** Provided entries follows **

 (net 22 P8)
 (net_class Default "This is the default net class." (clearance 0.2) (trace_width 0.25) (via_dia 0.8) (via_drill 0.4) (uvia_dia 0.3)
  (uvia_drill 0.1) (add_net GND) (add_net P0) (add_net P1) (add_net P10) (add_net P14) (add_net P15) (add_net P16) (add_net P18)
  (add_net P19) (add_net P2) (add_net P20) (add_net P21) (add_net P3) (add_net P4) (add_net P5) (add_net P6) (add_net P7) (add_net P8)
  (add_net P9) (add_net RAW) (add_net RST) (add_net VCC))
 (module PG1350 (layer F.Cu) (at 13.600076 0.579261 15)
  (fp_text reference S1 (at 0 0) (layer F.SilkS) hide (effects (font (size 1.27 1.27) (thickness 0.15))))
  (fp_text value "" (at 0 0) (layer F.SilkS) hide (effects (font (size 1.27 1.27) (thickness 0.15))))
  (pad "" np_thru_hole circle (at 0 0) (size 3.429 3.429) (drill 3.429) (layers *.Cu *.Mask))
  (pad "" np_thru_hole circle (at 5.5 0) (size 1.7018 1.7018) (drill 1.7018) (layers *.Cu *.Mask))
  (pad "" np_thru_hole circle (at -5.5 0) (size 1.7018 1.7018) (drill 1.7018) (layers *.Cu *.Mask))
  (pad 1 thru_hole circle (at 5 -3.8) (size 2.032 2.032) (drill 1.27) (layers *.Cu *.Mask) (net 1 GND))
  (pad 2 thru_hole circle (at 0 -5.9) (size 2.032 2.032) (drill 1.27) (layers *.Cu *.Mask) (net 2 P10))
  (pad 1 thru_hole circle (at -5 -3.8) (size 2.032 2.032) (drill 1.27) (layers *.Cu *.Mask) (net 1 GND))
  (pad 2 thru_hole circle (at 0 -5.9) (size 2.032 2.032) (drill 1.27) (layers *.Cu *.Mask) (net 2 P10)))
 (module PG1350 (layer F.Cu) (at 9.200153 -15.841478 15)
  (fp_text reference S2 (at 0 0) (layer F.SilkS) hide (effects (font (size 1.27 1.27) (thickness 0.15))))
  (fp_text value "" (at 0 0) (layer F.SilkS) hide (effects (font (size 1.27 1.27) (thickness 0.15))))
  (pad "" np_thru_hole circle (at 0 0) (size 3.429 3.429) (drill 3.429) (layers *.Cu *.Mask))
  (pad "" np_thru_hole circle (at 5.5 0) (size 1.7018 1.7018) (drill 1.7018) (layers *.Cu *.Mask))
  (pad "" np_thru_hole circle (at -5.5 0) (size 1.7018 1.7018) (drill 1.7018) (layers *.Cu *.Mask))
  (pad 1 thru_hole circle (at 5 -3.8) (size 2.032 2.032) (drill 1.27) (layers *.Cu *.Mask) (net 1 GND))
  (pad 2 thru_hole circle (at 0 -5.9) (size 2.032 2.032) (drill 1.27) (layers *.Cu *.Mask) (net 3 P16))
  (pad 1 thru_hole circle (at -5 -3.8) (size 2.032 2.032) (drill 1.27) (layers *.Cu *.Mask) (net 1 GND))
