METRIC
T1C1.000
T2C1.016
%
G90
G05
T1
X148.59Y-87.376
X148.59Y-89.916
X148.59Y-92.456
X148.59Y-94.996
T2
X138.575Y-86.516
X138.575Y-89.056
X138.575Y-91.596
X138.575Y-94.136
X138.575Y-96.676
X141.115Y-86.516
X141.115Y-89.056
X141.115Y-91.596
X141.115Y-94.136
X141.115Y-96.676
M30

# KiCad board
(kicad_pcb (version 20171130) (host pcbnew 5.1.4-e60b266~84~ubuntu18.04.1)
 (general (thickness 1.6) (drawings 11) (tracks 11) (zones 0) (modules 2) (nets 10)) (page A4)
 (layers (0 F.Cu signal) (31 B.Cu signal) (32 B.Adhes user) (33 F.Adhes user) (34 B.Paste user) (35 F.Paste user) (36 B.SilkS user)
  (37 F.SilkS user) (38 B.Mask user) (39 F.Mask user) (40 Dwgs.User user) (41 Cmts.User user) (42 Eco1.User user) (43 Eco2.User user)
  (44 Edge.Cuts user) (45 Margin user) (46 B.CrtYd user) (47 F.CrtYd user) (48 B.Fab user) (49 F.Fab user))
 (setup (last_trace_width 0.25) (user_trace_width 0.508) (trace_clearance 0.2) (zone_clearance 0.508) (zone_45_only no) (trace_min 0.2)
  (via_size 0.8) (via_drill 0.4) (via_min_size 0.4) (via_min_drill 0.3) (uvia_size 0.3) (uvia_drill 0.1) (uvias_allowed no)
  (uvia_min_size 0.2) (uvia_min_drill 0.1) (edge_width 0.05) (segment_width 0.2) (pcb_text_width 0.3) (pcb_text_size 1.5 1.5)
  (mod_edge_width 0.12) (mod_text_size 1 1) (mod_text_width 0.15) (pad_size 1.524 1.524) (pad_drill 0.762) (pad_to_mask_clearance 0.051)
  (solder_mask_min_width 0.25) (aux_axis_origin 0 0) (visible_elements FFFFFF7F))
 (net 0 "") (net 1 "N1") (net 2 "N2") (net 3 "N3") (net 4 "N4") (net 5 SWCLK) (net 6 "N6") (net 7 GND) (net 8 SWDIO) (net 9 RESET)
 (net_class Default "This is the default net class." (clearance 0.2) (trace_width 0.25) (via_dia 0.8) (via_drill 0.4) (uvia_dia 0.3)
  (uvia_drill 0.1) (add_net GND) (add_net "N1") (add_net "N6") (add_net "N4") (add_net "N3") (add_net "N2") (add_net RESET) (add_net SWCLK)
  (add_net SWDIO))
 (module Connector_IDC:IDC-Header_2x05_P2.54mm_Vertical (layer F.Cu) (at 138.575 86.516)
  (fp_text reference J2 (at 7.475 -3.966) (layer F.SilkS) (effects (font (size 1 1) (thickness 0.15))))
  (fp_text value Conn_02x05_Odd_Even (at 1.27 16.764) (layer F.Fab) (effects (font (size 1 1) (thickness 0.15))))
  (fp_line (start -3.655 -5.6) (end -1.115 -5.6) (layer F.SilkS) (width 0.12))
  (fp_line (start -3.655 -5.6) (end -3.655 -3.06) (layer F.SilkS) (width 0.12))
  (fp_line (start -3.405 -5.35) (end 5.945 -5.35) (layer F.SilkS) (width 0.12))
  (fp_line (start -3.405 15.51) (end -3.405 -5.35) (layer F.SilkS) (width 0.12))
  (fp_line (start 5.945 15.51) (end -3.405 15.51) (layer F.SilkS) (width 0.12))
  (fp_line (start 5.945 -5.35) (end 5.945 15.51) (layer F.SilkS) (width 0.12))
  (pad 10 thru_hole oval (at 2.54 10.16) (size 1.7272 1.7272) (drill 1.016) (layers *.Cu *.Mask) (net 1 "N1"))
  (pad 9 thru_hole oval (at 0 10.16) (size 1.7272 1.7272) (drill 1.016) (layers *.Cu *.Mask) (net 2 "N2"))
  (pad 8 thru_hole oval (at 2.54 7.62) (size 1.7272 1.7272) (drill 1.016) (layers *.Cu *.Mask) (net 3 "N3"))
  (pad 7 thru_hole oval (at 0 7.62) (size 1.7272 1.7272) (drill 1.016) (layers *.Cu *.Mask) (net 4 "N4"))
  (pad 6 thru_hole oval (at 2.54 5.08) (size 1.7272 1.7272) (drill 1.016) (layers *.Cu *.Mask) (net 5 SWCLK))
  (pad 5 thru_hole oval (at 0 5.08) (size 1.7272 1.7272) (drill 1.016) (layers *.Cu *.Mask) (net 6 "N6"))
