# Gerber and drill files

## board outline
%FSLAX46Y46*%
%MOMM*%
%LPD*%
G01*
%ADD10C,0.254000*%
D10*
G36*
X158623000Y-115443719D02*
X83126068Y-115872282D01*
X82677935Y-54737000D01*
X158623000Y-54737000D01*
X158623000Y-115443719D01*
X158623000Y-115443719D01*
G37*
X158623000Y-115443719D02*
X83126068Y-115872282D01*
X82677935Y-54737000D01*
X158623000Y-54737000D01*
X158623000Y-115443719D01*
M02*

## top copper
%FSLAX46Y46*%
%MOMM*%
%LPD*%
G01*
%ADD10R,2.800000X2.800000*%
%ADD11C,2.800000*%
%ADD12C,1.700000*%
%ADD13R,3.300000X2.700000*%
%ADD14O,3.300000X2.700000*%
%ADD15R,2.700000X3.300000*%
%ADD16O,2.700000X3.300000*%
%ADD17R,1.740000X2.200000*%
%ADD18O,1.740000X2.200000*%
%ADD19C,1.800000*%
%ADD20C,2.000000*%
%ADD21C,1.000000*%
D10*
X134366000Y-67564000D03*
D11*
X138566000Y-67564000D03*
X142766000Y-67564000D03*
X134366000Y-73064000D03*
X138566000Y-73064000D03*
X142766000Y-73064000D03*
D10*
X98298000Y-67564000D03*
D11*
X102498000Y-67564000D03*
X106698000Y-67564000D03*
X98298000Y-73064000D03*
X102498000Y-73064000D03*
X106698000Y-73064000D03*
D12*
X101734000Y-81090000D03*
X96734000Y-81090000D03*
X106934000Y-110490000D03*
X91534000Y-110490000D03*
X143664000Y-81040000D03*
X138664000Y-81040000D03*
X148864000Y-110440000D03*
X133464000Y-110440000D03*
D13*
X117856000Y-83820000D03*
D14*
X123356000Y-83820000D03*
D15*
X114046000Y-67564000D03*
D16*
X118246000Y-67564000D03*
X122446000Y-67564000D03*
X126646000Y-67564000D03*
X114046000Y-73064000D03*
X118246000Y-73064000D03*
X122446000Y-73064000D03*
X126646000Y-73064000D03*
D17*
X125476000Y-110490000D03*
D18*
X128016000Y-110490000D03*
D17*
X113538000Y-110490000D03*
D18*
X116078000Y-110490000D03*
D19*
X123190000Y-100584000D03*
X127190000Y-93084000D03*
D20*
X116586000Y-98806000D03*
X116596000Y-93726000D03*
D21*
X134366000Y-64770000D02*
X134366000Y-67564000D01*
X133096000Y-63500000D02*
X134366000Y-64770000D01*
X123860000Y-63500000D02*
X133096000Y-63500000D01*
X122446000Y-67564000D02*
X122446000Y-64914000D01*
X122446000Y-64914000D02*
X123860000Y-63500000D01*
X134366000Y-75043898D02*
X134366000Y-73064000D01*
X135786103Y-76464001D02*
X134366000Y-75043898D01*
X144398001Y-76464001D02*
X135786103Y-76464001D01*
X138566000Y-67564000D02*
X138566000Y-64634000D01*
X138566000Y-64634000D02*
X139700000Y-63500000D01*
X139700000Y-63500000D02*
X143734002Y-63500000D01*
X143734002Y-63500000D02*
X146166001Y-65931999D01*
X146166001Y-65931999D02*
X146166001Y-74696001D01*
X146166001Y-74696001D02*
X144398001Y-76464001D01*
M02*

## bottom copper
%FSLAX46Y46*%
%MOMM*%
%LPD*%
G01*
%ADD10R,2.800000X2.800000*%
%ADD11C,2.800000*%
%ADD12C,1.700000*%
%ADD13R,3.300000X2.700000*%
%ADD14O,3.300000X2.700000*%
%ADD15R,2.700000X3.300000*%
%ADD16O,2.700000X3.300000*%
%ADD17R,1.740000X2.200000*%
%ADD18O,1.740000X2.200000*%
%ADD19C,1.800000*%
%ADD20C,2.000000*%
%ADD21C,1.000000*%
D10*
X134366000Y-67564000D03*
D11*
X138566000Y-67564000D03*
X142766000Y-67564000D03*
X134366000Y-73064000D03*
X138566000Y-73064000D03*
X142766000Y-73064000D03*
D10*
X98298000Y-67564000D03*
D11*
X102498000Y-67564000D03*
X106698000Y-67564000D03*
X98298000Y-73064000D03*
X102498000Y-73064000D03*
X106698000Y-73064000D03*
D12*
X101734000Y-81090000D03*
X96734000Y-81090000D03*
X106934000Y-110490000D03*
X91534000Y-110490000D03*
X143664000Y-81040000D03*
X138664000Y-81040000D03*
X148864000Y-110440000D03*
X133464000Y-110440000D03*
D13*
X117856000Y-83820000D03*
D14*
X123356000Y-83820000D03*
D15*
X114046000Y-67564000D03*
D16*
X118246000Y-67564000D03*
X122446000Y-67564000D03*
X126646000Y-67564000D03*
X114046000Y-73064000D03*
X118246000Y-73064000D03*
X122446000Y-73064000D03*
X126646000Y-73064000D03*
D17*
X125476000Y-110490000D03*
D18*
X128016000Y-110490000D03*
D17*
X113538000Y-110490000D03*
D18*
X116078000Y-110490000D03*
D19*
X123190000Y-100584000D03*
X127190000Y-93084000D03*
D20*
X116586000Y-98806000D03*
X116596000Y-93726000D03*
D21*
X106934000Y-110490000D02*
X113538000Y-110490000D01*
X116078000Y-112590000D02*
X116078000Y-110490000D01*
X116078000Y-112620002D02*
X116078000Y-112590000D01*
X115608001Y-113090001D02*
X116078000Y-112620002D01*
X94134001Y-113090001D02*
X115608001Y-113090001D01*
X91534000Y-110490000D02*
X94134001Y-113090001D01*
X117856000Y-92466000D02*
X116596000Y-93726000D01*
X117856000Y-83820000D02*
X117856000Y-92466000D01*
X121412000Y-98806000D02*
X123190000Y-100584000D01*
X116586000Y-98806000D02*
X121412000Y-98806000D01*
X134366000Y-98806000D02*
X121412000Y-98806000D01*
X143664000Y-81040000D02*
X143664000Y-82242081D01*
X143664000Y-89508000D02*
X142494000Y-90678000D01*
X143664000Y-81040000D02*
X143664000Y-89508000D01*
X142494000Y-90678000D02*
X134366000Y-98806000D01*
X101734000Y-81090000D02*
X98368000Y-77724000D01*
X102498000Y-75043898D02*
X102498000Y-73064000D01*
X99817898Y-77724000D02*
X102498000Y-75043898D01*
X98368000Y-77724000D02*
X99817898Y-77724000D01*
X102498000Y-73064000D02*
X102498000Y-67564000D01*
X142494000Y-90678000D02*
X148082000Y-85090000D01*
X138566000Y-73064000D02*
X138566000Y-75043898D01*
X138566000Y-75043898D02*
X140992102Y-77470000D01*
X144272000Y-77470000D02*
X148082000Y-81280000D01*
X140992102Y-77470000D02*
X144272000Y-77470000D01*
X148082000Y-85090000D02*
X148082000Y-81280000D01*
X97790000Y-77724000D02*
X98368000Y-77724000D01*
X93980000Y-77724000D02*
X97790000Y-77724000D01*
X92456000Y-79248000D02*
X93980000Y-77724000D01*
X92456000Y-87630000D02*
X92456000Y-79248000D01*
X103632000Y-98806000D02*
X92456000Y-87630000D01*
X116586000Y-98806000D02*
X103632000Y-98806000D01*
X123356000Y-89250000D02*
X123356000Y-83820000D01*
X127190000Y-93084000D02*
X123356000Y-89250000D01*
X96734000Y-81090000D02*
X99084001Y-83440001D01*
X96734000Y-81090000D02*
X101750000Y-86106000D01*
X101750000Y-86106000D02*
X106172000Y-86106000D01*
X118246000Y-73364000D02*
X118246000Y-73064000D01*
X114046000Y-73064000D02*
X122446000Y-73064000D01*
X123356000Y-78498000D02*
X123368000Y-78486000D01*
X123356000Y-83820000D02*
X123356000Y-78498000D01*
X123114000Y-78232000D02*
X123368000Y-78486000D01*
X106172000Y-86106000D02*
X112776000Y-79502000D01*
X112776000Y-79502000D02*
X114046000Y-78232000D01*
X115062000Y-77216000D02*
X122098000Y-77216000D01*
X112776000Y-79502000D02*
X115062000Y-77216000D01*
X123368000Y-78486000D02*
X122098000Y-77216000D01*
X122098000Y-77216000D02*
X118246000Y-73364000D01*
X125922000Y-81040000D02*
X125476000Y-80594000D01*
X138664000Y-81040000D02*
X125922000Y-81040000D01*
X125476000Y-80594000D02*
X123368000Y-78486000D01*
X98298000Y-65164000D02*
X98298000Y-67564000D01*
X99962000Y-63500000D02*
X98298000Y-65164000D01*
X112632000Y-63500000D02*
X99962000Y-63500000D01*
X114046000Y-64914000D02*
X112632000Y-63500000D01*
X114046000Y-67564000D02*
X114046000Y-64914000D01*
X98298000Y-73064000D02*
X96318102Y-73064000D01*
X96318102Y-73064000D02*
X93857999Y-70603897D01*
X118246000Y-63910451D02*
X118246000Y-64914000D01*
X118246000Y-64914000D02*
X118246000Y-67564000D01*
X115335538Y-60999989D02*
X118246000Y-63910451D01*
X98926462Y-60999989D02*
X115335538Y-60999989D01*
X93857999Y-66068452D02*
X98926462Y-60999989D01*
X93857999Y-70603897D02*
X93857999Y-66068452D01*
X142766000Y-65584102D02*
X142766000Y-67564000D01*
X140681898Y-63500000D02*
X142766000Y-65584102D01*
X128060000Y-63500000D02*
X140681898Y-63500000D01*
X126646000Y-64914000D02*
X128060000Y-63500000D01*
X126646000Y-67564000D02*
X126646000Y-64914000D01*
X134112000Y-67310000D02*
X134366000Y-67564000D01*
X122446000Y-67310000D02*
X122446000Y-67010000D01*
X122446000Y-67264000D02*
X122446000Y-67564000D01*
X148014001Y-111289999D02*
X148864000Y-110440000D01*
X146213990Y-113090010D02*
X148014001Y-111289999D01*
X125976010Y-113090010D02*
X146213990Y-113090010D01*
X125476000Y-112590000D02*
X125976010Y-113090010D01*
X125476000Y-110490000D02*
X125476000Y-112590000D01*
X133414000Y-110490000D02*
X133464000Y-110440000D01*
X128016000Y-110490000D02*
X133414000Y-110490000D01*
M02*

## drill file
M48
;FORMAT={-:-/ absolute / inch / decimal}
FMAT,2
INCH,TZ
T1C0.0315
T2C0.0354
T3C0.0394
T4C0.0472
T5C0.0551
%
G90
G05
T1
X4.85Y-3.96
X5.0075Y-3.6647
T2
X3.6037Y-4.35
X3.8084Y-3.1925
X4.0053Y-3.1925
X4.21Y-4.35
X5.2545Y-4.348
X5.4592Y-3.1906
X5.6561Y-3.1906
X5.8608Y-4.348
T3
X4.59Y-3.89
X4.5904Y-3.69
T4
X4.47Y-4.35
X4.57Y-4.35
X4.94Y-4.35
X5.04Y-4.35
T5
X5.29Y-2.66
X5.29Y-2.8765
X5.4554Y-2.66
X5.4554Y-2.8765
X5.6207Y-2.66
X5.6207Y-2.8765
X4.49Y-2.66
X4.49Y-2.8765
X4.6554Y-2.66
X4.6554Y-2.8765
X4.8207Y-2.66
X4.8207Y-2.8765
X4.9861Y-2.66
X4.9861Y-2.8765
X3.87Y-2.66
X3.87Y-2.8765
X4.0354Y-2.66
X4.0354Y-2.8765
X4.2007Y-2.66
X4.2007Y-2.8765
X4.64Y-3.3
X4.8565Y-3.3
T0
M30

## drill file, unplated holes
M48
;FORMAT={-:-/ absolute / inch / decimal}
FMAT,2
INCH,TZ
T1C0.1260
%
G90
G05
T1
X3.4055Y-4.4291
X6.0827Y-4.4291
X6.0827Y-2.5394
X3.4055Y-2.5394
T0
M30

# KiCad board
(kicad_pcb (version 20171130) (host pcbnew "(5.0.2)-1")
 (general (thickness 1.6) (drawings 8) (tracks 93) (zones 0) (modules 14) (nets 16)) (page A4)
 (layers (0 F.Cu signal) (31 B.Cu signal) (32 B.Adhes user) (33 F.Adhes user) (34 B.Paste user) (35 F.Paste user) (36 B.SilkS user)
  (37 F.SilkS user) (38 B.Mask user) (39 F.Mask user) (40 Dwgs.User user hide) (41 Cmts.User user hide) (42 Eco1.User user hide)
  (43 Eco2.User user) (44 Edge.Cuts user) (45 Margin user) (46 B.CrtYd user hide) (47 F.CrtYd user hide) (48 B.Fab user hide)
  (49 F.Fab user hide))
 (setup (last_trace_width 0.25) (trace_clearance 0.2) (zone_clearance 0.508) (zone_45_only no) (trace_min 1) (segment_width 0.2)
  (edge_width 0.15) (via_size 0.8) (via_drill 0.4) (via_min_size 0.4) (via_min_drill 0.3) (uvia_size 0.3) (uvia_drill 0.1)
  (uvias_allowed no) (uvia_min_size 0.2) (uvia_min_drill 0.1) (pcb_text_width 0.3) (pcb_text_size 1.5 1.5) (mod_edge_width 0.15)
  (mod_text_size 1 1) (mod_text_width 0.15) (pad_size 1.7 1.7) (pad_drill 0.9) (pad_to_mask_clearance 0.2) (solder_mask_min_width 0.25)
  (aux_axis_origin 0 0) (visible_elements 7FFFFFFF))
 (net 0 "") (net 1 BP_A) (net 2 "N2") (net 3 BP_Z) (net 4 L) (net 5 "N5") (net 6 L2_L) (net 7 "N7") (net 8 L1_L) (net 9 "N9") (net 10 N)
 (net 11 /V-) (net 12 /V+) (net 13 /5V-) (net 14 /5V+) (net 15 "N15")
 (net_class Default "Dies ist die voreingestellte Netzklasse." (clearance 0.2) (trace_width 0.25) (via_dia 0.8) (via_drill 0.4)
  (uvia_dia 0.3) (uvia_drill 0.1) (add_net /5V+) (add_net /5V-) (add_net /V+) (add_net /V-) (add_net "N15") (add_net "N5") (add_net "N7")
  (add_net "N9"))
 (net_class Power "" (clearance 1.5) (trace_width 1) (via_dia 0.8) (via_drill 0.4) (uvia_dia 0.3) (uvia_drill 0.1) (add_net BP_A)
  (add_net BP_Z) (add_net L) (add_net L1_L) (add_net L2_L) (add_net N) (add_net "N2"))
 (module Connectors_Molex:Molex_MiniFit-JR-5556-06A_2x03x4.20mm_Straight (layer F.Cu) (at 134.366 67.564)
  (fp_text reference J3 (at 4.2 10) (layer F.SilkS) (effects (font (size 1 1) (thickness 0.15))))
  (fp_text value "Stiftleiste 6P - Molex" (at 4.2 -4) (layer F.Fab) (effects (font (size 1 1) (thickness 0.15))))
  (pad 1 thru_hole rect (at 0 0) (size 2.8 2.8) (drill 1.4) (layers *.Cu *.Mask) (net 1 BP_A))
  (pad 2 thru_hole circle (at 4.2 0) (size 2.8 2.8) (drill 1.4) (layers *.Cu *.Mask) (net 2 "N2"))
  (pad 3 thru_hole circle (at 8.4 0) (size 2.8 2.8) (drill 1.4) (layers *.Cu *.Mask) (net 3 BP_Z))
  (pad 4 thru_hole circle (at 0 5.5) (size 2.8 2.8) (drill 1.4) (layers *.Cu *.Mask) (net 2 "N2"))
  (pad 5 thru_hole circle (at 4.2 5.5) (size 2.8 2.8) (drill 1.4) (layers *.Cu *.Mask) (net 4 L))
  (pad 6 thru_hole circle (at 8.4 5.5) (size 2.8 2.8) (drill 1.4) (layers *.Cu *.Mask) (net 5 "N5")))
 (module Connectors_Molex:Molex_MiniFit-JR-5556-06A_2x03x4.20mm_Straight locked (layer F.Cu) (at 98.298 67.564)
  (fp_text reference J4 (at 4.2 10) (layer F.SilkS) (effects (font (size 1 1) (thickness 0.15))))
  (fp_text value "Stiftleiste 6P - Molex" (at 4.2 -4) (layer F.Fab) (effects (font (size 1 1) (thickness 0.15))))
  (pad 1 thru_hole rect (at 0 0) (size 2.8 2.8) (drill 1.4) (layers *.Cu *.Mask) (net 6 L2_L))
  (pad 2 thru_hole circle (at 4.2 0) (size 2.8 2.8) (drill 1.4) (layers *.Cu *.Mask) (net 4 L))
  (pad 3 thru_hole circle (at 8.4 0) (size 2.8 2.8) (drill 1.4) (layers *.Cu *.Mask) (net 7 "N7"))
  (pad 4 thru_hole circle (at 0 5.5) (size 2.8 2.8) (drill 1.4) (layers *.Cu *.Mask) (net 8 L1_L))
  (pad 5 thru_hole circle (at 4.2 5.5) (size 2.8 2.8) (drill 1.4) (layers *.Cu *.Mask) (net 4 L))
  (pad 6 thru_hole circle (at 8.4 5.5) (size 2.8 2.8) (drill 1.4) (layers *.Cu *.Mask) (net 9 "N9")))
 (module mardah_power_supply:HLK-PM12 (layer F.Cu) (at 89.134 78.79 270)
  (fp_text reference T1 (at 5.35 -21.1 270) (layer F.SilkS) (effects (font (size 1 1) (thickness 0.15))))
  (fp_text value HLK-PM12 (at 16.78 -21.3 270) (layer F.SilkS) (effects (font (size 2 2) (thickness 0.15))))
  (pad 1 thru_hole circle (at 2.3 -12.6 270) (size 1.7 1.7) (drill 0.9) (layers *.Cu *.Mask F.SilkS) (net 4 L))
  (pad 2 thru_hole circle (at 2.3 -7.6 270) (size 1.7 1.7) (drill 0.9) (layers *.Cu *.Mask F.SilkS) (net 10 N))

** End of Provided entries **

Work instructions -> Every line of the data above that includes "CrtYd" should be listed.

Response area ->
  (44 Edge.Cuts user) (45 Margin user) (46 B.CrtYd user) (47 F.CrtYd user) (48 B.Fab user) (49 F.Fab user))
  (43 Eco2.User user) (44 Edge.Cuts user) (45 Margin user) (46 B.CrtYd user hide) (47 F.CrtYd user hide) (48 B.Fab user hide)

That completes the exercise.